Speakers on Monday, however, sought to portray the Democrats, who have widely embraced the Black Lives Matter movement and enjoy vastly disproportionate support from Black and Latino voters, of selectively using race for political gain and treating minorities as monoliths. Recent polls show registered Black voters favour Biden by an average of about 67 percentage points over Trump.

“In much of the Democratic Party, it’s now fashionable to say that America is racist. That is a lie,” said Haley. The “proud daughter” of Sikhs who immigrated from India recalled her youth “I was a brown girl, in a Black and white world. We faced discrimination and hardship.”

“America is not a racist country,” added Haley, who has been widely criticised for the apparently contradictory statements.

Meanwhile, Vernon Jones, a member of the Georgia House of Representatives and a rare elected Democratic official who has endorsed Trump, charged that Democrats have not made space in their party for Black “independent thinkers”.

“The Democratic Party does not want Black people to leave the mental plantation they’ve had us on for decades,” Jones said from the Mellon Auditorium in Washington, DC.

Others took a more personal tact, with Hershel Walker, a Black former American football player, saying of his 37-year friendship with the president: “I have seen racism up close. I know what it is. And it isn’t Donald Trump”.

The night’s most stirring speech – the final in the programme – came from Senator Scott, who recounted how his family “went from cotton to Congress in one lifetime”.

He hailed the Republican Party as one where “voters judged me on the content of my character, not the colour of my skin,” while deriding Biden’s past racial gaffes, praising Trump’s policies on race, and condemning what he characterised as increasing polarisation.

“We live in a world that only wants you to believe in the bad news: racially, economically and culturally-polarising news,” said Scott.

‘The diversity of America’

Republicans appear to be responding to the expectation that they would be “raked over the coals” when it came to race representation at the convention, said Rina Shah, a former Republican strategist and political adviser who now supports Biden.

“The party, in its current form, does not reflect the diversity of America because party membership and party leadership is largely older and white,” she said.

Shah added the messaging on Monday that focused on wanting to be judged on merit over race “was very successful” and is likely to “resonate with many people”, while noting it came from figures who have pegged their political futures to embracing Trump’s divisive brand of politics.

The night also embodied an at times awkward balancing act, focusing heavily on the theme of law and order and what Trump has described as the threat of US cities and suburbs being swallowed by violence. Critics said that messaging contains not-so-coded racial undertones.

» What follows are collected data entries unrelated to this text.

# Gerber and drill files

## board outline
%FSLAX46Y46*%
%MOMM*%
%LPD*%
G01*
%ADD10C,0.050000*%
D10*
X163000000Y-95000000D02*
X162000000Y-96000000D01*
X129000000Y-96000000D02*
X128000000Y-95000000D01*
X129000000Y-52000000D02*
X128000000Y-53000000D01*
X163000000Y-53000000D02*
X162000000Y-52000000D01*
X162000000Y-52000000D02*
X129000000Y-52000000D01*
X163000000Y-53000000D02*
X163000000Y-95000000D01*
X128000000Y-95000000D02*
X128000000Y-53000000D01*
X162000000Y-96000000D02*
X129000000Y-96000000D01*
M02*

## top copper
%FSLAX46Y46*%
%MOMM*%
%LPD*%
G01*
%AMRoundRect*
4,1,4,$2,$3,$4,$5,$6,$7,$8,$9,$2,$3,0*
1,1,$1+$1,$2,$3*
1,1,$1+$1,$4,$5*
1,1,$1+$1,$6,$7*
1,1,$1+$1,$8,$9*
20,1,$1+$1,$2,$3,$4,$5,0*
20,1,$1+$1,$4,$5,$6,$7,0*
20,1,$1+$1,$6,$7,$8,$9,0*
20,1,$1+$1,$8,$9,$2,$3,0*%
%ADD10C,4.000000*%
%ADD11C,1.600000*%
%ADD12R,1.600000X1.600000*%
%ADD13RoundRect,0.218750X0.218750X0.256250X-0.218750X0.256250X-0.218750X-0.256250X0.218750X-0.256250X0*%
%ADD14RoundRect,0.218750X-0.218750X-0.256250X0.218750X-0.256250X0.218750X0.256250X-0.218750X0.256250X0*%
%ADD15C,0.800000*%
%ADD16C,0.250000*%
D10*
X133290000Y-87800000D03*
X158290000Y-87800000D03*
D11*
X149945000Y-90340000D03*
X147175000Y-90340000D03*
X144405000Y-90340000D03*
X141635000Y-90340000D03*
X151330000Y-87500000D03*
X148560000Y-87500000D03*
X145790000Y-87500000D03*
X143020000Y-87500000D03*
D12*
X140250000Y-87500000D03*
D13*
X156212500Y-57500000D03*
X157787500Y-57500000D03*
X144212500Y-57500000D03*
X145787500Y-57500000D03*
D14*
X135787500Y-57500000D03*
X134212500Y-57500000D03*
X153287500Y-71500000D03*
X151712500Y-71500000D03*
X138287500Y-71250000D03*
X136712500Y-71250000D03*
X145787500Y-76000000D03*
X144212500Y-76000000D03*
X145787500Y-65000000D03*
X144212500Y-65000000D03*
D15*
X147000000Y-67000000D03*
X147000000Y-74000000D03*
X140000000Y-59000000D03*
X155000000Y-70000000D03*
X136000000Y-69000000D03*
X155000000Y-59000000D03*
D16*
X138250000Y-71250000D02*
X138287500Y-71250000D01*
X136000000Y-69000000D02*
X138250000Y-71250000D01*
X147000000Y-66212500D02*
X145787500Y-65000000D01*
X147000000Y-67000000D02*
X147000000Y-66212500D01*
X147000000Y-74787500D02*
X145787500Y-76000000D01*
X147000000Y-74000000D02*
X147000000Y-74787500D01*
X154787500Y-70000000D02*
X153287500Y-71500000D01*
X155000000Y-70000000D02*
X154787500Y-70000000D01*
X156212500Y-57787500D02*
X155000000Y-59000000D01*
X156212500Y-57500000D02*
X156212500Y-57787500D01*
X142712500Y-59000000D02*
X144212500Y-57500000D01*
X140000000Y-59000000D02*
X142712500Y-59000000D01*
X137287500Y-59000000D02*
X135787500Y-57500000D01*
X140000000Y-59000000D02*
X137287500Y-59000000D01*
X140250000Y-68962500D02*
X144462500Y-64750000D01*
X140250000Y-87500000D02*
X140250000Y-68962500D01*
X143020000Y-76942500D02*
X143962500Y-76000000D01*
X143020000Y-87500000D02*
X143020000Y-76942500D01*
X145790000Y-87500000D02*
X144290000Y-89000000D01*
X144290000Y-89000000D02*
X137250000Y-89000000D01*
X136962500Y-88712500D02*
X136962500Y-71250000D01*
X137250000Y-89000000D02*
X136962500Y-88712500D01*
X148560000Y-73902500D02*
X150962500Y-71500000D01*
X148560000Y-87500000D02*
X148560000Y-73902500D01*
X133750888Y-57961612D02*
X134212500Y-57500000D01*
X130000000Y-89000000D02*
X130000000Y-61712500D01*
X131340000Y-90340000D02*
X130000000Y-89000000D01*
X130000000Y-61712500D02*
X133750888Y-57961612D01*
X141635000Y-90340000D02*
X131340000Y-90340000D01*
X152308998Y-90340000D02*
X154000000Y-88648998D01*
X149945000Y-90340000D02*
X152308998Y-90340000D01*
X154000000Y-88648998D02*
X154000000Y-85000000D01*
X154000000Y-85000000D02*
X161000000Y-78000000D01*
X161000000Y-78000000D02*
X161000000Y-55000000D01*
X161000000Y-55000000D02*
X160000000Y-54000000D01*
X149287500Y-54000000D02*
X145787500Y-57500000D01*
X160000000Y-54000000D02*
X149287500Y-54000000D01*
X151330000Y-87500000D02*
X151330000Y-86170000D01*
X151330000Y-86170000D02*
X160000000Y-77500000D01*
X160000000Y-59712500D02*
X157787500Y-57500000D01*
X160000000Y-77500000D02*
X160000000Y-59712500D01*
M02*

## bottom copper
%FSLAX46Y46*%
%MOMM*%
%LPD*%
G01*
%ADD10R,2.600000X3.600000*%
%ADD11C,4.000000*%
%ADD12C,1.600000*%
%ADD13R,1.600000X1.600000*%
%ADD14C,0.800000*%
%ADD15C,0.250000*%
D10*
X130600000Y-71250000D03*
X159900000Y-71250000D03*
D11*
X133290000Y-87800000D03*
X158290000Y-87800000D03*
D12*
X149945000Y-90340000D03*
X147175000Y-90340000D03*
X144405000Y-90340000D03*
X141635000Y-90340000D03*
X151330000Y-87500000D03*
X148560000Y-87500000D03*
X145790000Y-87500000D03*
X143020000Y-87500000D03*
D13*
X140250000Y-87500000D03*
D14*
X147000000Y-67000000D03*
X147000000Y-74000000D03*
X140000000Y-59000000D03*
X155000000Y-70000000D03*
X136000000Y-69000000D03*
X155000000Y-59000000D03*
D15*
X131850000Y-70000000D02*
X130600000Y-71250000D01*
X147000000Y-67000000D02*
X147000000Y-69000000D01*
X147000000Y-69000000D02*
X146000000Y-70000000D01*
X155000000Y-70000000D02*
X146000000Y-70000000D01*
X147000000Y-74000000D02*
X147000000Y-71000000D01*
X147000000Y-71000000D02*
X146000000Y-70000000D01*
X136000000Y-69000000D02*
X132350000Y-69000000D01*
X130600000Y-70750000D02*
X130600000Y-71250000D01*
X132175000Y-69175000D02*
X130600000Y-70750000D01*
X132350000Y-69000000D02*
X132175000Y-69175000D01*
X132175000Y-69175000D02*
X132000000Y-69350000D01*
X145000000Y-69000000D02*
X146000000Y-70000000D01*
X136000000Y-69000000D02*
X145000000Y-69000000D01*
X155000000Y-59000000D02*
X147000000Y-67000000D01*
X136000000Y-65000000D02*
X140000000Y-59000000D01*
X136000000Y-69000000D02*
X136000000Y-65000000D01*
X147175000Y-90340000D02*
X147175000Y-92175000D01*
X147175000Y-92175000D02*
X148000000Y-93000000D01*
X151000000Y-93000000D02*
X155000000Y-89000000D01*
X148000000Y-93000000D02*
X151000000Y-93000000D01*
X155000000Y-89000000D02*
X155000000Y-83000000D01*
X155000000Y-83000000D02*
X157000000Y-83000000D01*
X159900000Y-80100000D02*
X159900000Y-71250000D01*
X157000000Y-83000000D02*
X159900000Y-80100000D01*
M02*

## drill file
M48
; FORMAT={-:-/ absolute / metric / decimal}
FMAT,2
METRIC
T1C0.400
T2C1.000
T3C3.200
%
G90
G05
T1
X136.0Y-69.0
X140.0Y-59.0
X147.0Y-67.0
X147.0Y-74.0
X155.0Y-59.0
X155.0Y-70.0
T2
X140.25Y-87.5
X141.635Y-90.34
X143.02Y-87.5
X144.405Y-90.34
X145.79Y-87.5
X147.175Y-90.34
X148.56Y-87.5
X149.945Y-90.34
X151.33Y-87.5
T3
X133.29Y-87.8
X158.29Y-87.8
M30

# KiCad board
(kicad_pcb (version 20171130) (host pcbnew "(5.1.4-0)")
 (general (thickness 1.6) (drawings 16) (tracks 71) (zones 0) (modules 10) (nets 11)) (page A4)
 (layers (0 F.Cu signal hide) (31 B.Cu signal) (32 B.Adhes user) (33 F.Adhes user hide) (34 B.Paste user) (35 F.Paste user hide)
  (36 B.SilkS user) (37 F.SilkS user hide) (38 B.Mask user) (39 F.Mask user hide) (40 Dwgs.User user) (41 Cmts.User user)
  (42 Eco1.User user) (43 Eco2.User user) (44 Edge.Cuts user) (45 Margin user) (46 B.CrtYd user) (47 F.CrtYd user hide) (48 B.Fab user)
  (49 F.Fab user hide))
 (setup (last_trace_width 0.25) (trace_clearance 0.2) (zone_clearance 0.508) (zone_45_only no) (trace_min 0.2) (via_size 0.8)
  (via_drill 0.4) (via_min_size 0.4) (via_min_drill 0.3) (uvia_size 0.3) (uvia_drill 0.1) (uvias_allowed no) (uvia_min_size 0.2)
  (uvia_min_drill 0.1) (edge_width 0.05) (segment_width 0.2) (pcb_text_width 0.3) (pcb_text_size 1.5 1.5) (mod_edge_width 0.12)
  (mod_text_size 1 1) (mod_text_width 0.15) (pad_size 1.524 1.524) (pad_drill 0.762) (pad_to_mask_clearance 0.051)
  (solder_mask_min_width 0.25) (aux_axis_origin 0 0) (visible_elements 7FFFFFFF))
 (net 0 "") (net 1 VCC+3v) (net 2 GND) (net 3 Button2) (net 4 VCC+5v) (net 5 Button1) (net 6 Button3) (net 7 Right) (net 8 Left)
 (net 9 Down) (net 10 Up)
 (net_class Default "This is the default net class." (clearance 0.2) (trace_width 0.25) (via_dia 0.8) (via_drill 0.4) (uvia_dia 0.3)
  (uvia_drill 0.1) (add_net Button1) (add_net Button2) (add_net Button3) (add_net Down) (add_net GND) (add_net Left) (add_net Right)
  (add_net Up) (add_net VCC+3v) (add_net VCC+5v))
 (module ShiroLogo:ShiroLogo (layer B.Cu) (at 155 57.5 270)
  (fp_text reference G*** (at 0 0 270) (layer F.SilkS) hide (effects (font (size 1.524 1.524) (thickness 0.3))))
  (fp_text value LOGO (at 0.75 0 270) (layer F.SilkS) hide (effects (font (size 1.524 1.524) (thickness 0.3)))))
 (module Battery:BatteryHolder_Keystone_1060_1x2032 (layer B.Cu) (at 145.25 71.25)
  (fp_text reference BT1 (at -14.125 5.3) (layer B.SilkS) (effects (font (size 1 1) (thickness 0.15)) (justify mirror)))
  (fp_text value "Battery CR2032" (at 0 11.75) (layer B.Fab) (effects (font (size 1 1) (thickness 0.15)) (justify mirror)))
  (pad 1 smd rect (at -14.65 0 180) (size 2.6 3.6) (layers B.Cu B.Paste B.Mask) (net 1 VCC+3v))
  (pad 2 smd rect (at 14.65 0 180) (size 2.6 3.6) (layers B.Cu B.Paste B.Mask) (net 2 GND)))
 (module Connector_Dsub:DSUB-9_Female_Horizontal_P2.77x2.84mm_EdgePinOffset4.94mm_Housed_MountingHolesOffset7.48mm (layer B.Cu)
  (at 140.25 87.5 180)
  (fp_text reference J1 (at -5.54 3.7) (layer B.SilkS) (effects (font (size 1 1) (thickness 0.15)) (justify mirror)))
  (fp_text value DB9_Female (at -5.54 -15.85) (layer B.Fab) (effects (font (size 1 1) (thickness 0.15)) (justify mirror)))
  (pad 0 thru_hole circle (at 6.96 -0.3 180) (size 4 4) (drill 3.2) (layers *.Cu *.Mask))
  (pad 0 thru_hole circle (at -18.04 -0.3 180) (size 4 4) (drill 3.2) (layers *.Cu *.Mask))
  (pad 9 thru_hole circle (at -9.695 -2.84 180) (size 1.6 1.6) (drill 1) (layers *.Cu *.Mask) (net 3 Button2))
  (pad 8 thru_hole circle (at -6.925 -2.84 180) (size 1.6 1.6) (drill 1) (layers *.Cu *.Mask) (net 2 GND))
  (pad 7 thru_hole circle (at -4.155 -2.84 180) (size 1.6 1.6) (drill 1) (layers *.Cu *.Mask) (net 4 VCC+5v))
  (pad 6 thru_hole circle (at -1.385 -2.84 180) (size 1.6 1.6) (drill 1) (layers *.Cu *.Mask) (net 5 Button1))
  (pad 5 thru_hole circle (at -11.08 0 180) (size 1.6 1.6) (drill 1) (layers *.Cu *.Mask) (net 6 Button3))
  (pad 4 thru_hole circle (at -8.31 0 180) (size 1.6 1.6) (drill 1) (layers *.Cu *.Mask) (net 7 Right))
  (pad 3 thru_hole circle (at -5.54 0 180) (size 1.6 1.6) (drill 1) (layers *.Cu *.Mask) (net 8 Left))
  (pad 2 thru_hole circle (at -2.77 0 180) (size 1.6 1.6) (drill 1) (layers *.Cu *.Mask) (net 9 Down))
  (pad 1 thru_hole rect (at 0 0 180) (size 1.6 1.6) (drill 1) (layers *.Cu *.Mask) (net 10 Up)))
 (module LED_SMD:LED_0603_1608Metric (layer F.Cu) (at 157 57.5 180)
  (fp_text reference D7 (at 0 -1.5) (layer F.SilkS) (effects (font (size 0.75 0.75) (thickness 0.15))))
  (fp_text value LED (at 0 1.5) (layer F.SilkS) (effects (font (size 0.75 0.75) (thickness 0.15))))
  (pad 2 smd roundrect (at 0.7875 0 180) (size 0.875 0.95) (layers F.Cu F.Paste F.Mask) (roundrect_rratio 0.25) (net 1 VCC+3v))
  (pad 1 smd roundrect (at -0.7875 0 180) (size 0.875 0.95) (layers F.Cu F.Paste F.Mask) (roundrect_rratio 0.25) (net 6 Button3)))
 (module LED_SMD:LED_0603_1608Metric (layer F.Cu) (at 145 57.5 180)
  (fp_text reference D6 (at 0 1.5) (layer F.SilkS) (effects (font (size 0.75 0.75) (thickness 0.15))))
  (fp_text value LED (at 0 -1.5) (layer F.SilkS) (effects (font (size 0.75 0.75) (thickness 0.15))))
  (pad 2 smd roundrect (at 0.7875 0 180) (size 0.875 0.95) (layers F.Cu F.Paste F.Mask) (roundrect_rratio 0.25) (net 1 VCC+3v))
  (pad 1 smd roundrect (at -0.7875 0 180) (size 0.875 0.95) (layers F.Cu F.Paste F.Mask) (roundrect_rratio 0.25) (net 3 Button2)))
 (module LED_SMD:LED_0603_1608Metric (layer F.Cu) (at 135 57.5)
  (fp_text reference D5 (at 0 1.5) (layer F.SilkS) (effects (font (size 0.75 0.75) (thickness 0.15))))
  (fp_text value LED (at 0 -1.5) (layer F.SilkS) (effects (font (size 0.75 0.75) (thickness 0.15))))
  (pad 2 smd roundrect (at 0.7875 0) (size 0.875 0.95) (layers F.Cu F.Paste F.Mask) (roundrect_rratio 0.25) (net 1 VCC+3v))
  (pad 1 smd roundrect (at -0.7875 0) (size 0.875 0.95) (layers F.Cu F.Paste F.Mask) (roundrect_rratio 0.25) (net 5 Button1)))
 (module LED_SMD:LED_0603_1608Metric (layer F.Cu) (at 152.5 71.5)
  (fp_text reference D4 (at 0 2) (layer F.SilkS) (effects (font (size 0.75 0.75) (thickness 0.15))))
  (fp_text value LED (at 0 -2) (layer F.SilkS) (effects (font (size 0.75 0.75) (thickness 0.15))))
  (pad 2 smd roundrect (at 0.7875 0) (size 0.875 0.95) (layers F.Cu F.Paste F.Mask) (roundrect_rratio 0.25) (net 1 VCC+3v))
  (pad 1 smd roundrect (at -0.7875 0) (size 0.875 0.95) (layers F.Cu F.Paste F.Mask) (roundrect_rratio 0.25) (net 7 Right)))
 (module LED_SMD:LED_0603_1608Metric (layer F.Cu) (at 137.5 71.25)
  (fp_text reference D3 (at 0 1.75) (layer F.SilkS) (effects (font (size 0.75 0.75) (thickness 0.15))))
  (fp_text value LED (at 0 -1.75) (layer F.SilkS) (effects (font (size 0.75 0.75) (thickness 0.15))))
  (pad 2 smd roundrect (at 0.7875 0) (size 0.875 0.95) (layers F.Cu F.Paste F.Mask) (roundrect_rratio 0.25) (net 1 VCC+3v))
  (pad 1 smd roundrect (at -0.7875 0) (size 0.875 0.95) (layers F.Cu F.Paste F.Mask) (roundrect_rratio 0.25) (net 8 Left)))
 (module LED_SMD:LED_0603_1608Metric (layer F.Cu) (at 145 76)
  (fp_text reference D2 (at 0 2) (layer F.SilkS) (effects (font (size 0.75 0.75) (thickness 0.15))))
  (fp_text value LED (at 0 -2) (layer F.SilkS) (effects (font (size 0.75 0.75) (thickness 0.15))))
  (pad 2 smd roundrect (at 0.7875 0) (size 0.875 0.95) (layers F.Cu F.Paste F.Mask) (roundrect_rratio 0.25) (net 1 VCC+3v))
  (pad 1 smd roundrect (at -0.7875 0) (size 0.875 0.95) (layers F.Cu F.Paste F.Mask) (roundrect_rratio 0.25) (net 9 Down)))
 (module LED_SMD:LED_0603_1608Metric (layer F.Cu) (at 145 65)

Also featured were Mark and Patty McCloskey, a white St Louis, Missouri couple who became folk heroes among some conservatives after brandishing guns at Black Lives Matter protesters marching past their home.

Lenny McAllister, a Republican strategist who was the party’s candidate for a Pennsylvania congressional seat in 2016, told Al Jazeera that anyone who denies there is still work to do to overcome residual systemic racism in the US is “undervaluing the negative impact that racism has had on America for centuries”.

In the face of an increasingly diverse electorate, he said Republicans will have to find more ways to include minorities if the party wants to survive into the future, adding he personally found the speeches on Monday night “effective”.

“The question becomes, will this resonate with more African Americans, is it resonating with more African Americans who did not vote for Donald Trump four years ago and did not vote for the Republican ticket two years ago,” he said. “That has yet to be seen.”